(Dataset entries)
──────
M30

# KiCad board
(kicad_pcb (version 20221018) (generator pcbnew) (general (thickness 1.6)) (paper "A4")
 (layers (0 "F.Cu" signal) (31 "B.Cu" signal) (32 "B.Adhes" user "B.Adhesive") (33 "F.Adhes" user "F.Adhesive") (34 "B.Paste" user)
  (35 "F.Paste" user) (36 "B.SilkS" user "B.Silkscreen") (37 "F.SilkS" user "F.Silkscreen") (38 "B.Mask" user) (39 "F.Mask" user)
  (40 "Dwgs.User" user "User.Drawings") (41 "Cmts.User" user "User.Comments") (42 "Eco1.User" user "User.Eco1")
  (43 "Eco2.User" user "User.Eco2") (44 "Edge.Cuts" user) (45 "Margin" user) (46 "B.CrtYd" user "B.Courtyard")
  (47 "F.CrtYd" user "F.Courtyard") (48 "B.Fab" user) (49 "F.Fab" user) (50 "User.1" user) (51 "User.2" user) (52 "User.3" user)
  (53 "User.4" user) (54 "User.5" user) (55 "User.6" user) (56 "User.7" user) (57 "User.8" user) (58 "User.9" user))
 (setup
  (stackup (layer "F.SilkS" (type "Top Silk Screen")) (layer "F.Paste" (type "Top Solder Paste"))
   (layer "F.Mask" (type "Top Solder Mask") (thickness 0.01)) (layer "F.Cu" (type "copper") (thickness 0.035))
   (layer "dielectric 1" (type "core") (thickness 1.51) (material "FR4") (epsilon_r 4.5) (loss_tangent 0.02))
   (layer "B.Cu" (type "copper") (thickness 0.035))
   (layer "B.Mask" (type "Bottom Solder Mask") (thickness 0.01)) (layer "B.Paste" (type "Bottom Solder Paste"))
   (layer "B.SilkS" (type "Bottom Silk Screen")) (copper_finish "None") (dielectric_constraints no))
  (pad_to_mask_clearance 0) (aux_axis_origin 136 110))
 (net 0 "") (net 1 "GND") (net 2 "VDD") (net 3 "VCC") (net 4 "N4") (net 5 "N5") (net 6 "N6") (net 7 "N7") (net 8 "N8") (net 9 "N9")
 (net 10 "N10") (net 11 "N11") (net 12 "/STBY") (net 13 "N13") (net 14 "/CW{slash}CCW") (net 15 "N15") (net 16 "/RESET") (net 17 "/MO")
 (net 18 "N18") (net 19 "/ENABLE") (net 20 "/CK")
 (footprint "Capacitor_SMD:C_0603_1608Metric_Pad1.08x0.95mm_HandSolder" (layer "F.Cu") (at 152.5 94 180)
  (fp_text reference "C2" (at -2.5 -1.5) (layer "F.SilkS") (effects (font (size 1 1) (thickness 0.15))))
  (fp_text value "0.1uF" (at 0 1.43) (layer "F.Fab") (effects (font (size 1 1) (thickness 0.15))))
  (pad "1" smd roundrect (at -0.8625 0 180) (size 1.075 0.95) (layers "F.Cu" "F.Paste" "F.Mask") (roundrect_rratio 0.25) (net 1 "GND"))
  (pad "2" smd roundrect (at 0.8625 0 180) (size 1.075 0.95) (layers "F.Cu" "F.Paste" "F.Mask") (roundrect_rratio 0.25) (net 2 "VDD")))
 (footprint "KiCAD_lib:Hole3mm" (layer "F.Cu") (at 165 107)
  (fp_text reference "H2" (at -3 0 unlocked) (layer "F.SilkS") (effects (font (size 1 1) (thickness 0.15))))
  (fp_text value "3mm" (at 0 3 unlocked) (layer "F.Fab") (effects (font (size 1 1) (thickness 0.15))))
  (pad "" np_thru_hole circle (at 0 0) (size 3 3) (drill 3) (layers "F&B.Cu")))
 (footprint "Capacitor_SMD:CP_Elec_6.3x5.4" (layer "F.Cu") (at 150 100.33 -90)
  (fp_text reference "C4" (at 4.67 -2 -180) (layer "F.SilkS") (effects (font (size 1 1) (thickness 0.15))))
──────
Problem:
Take the line containing "152.5 94 180)" as the first line and the last line of the data above as the final one. Write out these lines and all between them exactly.

The completed task:
 (footprint "Capacitor_SMD:C_0603_1608Metric_Pad1.08x0.95mm_HandSolder" (layer "F.Cu") (at 152.5 94 180)
  (fp_text reference "C2" (at -2.5 -1.5) (layer "F.SilkS") (effects (font (size 1 1) (thickness 0.15))))
  (fp_text value "0.1uF" (at 0 1.43) (layer "F.Fab") (effects (font (size 1 1) (thickness 0.15))))
  (pad "1" smd roundrect (at -0.8625 0 180) (size 1.075 0.95) (layers "F.Cu" "F.Paste" "F.Mask") (roundrect_rratio 0.25) (net 1 "GND"))
  (pad "2" smd roundrect (at 0.8625 0 180) (size 1.075 0.95) (layers "F.Cu" "F.Paste" "F.Mask") (roundrect_rratio 0.25) (net 2 "VDD")))
 (footprint "KiCAD_lib:Hole3mm" (layer "F.Cu") (at 165 107)
  (fp_text reference "H2" (at -3 0 unlocked) (layer "F.SilkS") (effects (font (size 1 1) (thickness 0.15))))
  (fp_text value "3mm" (at 0 3 unlocked) (layer "F.Fab") (effects (font (size 1 1) (thickness 0.15))))
  (pad "" np_thru_hole circle (at 0 0) (size 3 3) (drill 3) (layers "F&B.Cu")))
 (footprint "Capacitor_SMD:CP_Elec_6.3x5.4" (layer "F.Cu") (at 150 100.33 -90)
  (fp_text reference "C4" (at 4.67 -2 -180) (layer "F.SilkS") (effects (font (size 1 1) (thickness 0.15))))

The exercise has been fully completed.